News
The Case for Windows 11 Will Be Made with Security and Telemetry
- By Gladys Rama
- September 17, 2021
Steering a Windows 11 move will be rough without measuring the gains or losses along the way, so says Cambridge, Mass.-based Aternity, a Gold Microsoft partner in Application Development and Cloud Platform.
Windows 10, currently running on nearly 80 percent of the world's Windows PCs, was once touted as Microsoft's "forever OS." That's about to change; Windows 11 is coming on Oct. 5. But the new OS may have to hurdle a lot of institutional hesitation to reach the market status that Windows 10 currently has. Plus, Microsoft's hardware requirements for Windows 11 mean end users running older PCs may be locked out of the upgrade. That will force many organizations to undertake complicated and potentially expensive hardware refreshes in exchange for an OS that looks and acts a lot like Windows 10, at least from the outside.
Fernando Castanheira has seen plenty of Windows migrations. Now CIO of Aternity, Castanheira previously spent 28 years at JPMorgan Chase & Co. as CTO and managing director, helping oversee multiple organizationwide Windows upgrades costing millions of dollars. He says businesses need to be convinced that Windows 11 will be a good investment, and that its benefits go well beyond cosmetic improvements.
"There's got to be a compelling reason to do it," he said in a recent interview with RCP. "Just because it has a slicker UI or a couple things are faster here and there, that's just not good enough."
Investing in Security
The compelling reason for businesses to make the leap to Windows 11, Castanheira suggests, is security. "This whole security angle that Microsoft is talking about -- that might be the driver, because everyone's worried about security today."
With scores of previously office-bound employees now working remotely because of the pandemic, using home networks and non-corporate devices that may be less protected than ideal, security has become a major concern for organizations in the last 18 months. There has also been a spate of high-profile security incidents throughout 2021, including the protracted "Hafnium" attacks on Exchange Server and the ransomware attack on Colonial Pipeline. The concern goes all the way up to the White House; in response to these incidents, the Biden administration issued an executive order this summer calling for federal agencies to improve their cybersecurity defenses.
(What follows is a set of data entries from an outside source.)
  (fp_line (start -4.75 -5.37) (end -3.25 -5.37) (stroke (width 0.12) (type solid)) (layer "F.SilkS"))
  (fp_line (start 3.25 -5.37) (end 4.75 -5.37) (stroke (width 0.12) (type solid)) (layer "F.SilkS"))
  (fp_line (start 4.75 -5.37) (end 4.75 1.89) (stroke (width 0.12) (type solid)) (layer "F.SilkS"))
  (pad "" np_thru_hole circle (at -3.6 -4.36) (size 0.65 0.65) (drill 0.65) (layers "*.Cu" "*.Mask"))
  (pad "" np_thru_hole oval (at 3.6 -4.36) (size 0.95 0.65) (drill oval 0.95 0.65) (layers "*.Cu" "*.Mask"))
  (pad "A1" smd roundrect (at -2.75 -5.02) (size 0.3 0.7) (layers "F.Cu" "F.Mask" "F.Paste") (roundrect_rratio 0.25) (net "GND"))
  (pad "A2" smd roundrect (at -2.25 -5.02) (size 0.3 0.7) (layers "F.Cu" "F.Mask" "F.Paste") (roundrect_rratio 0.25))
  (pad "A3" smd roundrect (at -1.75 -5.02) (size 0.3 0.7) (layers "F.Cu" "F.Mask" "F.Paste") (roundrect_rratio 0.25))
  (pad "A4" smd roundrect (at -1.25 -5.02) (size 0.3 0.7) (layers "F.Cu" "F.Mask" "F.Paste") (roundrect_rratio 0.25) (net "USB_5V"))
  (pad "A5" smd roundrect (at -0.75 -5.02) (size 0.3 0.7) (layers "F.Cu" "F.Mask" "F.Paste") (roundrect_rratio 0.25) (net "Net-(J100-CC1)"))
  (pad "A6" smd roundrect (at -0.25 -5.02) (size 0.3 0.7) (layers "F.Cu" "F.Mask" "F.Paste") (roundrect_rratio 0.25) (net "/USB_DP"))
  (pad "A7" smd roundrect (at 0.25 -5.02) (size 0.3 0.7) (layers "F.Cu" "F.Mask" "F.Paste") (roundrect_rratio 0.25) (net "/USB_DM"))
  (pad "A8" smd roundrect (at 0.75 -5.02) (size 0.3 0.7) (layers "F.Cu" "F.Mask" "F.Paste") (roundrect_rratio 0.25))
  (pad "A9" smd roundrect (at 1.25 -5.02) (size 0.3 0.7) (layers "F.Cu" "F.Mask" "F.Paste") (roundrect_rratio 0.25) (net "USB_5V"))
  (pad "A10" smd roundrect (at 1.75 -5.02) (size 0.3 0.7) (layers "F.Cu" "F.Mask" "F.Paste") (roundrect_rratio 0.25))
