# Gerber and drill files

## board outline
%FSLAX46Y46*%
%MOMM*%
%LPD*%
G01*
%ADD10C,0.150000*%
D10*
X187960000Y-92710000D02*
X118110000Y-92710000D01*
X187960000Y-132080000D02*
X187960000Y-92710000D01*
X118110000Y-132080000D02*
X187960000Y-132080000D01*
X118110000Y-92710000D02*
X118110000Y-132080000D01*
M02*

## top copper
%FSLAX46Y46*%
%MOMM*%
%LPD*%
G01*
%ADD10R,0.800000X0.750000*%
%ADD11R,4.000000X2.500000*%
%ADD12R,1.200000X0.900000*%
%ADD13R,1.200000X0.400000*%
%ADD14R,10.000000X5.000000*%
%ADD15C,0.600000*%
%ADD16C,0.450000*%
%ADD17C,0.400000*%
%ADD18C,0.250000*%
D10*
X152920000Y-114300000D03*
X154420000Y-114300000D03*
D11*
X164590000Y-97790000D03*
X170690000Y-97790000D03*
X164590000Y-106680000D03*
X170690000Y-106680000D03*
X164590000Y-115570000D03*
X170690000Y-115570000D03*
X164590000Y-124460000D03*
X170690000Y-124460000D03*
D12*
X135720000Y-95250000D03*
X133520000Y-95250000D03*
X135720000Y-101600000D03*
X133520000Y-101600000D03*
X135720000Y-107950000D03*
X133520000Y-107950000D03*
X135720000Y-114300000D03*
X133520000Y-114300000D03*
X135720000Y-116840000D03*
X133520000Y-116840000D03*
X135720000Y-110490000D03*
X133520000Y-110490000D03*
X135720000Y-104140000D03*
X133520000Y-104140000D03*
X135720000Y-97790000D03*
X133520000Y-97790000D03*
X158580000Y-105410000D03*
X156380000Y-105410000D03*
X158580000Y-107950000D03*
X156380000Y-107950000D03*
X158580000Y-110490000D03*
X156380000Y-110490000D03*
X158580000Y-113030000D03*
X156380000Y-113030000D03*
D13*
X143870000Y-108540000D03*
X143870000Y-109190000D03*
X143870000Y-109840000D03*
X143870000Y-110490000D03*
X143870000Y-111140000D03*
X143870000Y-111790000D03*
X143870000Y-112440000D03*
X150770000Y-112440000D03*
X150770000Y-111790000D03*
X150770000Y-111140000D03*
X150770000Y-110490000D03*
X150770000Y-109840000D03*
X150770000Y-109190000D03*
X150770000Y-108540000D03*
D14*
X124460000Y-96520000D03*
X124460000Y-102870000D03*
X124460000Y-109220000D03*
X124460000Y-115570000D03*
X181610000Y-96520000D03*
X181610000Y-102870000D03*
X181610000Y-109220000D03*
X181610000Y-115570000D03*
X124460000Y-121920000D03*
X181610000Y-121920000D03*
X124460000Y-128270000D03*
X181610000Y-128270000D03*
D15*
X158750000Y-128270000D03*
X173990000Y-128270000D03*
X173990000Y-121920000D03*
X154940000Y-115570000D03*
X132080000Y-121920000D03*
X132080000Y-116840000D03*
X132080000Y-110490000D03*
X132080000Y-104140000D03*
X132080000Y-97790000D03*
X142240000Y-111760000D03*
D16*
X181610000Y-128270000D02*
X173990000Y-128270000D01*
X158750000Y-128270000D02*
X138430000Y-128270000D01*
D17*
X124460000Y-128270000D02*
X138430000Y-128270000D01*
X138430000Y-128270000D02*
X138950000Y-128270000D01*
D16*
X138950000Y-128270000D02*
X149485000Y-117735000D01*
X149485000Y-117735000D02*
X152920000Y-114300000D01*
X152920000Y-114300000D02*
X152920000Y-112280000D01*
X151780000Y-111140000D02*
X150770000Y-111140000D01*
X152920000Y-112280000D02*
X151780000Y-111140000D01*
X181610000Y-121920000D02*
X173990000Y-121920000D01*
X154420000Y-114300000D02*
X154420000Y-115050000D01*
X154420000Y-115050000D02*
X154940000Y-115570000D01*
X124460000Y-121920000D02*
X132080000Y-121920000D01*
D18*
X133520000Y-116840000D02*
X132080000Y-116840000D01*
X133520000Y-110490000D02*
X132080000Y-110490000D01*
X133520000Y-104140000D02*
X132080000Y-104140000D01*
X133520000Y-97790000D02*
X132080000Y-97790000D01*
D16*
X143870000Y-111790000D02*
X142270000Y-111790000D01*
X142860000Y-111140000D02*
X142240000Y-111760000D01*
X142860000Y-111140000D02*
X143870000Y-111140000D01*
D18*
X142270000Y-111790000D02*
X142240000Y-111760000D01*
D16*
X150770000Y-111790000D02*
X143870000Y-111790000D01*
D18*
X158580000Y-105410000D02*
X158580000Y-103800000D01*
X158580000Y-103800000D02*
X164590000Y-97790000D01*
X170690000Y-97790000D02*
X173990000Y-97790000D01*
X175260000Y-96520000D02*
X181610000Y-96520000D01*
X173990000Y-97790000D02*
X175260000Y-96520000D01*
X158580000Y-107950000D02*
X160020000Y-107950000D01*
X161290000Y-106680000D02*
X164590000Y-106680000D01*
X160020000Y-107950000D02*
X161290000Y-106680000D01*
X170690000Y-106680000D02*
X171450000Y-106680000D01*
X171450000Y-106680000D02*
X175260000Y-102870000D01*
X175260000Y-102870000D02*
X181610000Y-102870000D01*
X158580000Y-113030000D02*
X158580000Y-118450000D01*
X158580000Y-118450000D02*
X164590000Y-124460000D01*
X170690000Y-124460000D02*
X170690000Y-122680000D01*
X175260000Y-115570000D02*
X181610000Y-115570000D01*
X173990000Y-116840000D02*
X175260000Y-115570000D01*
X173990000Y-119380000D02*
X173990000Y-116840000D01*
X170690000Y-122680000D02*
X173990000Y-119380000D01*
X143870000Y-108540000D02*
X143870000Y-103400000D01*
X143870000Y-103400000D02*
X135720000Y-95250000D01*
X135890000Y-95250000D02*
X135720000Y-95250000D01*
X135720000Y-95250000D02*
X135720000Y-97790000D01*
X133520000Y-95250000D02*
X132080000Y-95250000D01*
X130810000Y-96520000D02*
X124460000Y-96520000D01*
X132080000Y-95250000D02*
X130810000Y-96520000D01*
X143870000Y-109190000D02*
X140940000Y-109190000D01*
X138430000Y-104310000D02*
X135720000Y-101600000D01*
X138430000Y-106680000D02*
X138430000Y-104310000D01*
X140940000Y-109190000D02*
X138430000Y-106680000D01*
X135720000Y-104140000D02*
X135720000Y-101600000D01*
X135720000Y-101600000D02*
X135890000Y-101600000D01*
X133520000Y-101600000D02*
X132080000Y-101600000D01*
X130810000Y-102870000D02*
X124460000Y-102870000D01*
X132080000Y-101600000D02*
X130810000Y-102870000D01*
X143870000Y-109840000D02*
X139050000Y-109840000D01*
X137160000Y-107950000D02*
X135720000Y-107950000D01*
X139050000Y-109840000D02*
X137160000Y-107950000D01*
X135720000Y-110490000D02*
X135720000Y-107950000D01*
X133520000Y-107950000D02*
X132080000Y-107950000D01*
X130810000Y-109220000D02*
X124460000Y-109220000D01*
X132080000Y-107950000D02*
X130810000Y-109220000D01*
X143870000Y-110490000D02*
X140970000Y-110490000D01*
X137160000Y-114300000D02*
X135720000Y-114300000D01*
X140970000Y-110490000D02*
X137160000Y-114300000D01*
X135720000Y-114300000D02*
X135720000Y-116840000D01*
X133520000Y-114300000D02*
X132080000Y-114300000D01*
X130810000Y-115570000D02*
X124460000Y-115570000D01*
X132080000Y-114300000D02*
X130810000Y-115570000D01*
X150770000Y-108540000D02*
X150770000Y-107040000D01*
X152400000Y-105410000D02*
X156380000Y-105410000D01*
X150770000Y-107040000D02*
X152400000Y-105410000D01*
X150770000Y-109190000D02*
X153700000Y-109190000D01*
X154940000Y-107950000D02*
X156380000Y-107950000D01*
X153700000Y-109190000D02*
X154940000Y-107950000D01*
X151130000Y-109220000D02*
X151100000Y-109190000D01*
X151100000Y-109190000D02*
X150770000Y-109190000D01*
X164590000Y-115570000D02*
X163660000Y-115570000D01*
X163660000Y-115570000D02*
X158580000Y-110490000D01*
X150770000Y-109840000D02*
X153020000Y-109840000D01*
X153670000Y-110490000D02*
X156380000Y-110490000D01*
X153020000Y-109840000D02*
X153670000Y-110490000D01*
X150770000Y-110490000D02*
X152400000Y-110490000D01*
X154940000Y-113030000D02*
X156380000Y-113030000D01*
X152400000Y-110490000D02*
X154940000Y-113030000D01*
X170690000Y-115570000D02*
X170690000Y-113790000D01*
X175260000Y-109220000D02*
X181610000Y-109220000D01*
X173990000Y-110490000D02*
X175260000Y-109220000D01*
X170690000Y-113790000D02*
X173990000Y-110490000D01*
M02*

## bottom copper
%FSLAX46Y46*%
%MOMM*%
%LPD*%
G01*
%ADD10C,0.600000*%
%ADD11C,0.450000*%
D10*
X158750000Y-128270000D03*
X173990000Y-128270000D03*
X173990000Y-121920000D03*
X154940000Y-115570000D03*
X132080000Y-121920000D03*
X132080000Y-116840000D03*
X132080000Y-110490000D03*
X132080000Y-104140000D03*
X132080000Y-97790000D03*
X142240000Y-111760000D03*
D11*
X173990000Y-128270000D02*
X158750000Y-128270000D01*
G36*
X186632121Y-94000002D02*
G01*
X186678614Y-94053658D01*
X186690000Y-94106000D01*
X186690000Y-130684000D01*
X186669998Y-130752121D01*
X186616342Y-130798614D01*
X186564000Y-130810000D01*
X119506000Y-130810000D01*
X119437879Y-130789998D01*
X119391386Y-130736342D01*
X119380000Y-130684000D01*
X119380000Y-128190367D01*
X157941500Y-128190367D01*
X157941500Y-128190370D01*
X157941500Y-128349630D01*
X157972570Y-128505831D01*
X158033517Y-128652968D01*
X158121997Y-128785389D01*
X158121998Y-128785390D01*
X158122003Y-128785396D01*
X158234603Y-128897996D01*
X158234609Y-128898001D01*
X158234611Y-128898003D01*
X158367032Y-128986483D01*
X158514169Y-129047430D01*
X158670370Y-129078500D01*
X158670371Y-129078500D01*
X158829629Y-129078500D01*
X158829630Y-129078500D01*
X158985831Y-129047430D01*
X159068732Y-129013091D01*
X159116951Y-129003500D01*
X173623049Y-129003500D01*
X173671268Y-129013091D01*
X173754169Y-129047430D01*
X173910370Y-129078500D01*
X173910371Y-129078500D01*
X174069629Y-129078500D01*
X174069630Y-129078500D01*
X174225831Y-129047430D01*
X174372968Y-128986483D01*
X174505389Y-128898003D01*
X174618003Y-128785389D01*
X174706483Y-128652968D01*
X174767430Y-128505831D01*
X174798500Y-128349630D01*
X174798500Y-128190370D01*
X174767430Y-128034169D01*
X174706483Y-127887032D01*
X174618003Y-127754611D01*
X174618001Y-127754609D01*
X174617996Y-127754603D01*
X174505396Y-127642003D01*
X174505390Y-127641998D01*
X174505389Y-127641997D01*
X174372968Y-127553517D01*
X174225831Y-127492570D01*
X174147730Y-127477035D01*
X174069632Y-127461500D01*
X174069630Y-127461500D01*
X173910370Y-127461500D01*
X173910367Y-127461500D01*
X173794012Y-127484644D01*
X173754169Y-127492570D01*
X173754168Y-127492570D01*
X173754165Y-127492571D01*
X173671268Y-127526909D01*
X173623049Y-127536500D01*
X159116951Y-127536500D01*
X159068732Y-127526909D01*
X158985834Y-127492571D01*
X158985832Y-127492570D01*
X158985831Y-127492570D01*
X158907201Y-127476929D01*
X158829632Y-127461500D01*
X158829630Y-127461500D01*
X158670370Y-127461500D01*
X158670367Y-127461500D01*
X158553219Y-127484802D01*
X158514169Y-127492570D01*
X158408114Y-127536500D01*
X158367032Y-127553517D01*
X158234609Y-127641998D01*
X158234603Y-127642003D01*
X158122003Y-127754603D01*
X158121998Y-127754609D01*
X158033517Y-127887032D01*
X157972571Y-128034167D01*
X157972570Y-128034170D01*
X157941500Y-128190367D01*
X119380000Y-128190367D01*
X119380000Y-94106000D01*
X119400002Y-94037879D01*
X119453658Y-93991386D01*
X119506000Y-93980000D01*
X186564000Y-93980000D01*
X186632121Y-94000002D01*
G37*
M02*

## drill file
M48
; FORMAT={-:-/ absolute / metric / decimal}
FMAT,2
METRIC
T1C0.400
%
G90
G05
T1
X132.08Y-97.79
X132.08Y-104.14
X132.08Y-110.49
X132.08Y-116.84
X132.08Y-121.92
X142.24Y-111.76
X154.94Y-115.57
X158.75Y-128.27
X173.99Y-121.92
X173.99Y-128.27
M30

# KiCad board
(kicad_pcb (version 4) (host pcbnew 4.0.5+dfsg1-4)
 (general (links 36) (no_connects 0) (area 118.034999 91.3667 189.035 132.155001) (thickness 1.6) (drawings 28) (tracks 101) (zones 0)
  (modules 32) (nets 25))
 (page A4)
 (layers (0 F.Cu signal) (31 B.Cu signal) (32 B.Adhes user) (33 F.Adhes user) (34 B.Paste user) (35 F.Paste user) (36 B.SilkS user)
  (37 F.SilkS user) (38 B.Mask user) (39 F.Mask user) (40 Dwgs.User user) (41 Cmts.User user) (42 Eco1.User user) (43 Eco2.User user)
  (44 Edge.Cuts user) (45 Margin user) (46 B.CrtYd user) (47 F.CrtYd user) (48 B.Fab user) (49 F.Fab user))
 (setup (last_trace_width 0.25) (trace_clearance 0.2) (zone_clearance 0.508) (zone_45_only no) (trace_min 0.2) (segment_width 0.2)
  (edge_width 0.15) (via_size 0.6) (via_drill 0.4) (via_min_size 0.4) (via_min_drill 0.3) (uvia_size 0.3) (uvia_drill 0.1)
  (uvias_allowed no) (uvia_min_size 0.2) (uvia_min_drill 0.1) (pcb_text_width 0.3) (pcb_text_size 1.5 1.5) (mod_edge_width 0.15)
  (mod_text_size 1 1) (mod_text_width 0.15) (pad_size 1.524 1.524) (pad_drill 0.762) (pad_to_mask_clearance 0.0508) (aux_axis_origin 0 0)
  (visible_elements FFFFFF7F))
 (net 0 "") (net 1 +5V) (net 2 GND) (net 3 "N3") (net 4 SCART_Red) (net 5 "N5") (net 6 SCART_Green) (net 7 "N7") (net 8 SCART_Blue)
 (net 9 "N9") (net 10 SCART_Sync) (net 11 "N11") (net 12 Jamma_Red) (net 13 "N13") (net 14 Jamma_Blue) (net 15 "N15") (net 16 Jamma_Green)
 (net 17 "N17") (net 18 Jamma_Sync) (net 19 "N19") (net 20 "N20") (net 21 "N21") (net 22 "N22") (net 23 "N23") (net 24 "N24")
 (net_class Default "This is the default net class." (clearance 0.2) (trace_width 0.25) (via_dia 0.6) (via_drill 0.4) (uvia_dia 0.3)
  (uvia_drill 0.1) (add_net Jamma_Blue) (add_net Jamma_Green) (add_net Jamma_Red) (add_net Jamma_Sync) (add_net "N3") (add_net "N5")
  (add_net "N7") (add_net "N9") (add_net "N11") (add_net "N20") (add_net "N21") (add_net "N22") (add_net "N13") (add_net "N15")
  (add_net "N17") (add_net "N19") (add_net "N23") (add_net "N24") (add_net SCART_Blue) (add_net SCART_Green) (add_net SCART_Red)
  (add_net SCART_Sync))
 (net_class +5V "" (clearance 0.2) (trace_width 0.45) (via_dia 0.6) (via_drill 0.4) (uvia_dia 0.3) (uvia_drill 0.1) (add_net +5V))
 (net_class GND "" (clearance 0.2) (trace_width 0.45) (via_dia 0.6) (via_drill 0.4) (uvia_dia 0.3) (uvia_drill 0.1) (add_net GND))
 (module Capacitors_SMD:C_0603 (layer F.Cu) (at 153.67 114.3)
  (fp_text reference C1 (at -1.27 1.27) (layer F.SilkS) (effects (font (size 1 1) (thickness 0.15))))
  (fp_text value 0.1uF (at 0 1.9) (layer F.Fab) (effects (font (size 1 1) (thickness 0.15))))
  (pad 1 smd rect (at -0.75 0) (size 0.8 0.75) (layers F.Cu F.Paste F.Mask) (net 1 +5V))
  (pad 2 smd rect (at 0.75 0) (size 0.8 0.75) (layers F.Cu F.Paste F.Mask) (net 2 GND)))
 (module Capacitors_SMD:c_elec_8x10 (layer F.Cu) (at 167.64 97.79)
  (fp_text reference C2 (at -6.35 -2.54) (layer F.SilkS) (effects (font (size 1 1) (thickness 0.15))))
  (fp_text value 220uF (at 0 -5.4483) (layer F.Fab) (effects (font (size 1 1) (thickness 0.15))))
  (pad 1 smd rect (at -3.05 0 180) (size 4 2.5) (layers F.Cu F.Paste F.Mask) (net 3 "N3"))
  (pad 2 smd rect (at 3.05 0 180) (size 4 2.5) (layers F.Cu F.Paste F.Mask) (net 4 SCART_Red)))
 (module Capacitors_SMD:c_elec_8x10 (layer F.Cu) (at 167.64 106.68)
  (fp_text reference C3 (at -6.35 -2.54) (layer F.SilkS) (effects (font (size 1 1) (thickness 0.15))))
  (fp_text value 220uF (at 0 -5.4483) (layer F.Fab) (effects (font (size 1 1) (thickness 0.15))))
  (pad 1 smd rect (at -3.05 0 180) (size 4 2.5) (layers F.Cu F.Paste F.Mask) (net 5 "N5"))
  (pad 2 smd rect (at 3.05 0 180) (size 4 2.5) (layers F.Cu F.Paste F.Mask) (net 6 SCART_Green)))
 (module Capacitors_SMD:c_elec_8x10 (layer F.Cu) (at 167.64 115.57)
Microsoft has talked up Windows 11's security benefits before (though there's some debate about whether any of those benefits are actually new), and has indicated that its strict hardware requirements are in service of better protection. Three of those hardware requirements are critical for partners and businesses to consider, according to Dan Moss, principal solutions engineer at Aternity:
- Support for UEFI and Secure Boot
- TPM 2.0
- DirectX 12 or higher
"There's going to be a lot higher requirement around hardware, which is really centered at that security level," Moss acknowledged. "You can imagine from a CFO perspective, they're probably going to have their eyebrows raised as they understand that there's going to be a considerable investment that needs to be made to meet those."
Measuring Migration Success
The best way to assure a customer that its Windows 11 migration pays off -- that employees are more productive and the end user experience is better -- is with telemetry, according to Moss and Castanheira.
Many organizations will likely take their time moving to Windows 11, starting first with small pilot groups before rolling it out companywide. They argue that a measured Windows 11 rollout is a good opportunity for IT to cultivate Windows 10 benchmarks that they can then compare to Windows 11 data as their migration progresses.
"Understand where you are today," Moss advised. "What do you have today? How does it perform? How stable is it? And then when you make that move [to Windows 11] and you start doing your early adopters, your pilot groups, et cetera, you can then start to do that comparison."
Aternity's digital experience monitoring (DEM) platform enables this kind of data collection for managed service providers (MSPs). According to the company's site:
Aternity measures actual end user experience for any app on any device. It correlates the three streams of data that constitute true user experience -- user productivity, device health and performance, and app performance, including out of the box business activities for Microsoft productivity apps.
In the case of Windows 11, Castanheira says Aternity's platform can collect data both during and after the migration, giving companies a more complete picture of how their users have been affected by the move. It's the kind of product he says would have made his previous job at JPMorgan Chase much easier.
"How can we measure if our migration -- in my case there was a large investment there -- will be successful or not? The only way to do that is with platforms like Aternity and others in the industry," he said. "I wish I had that 10 years ago."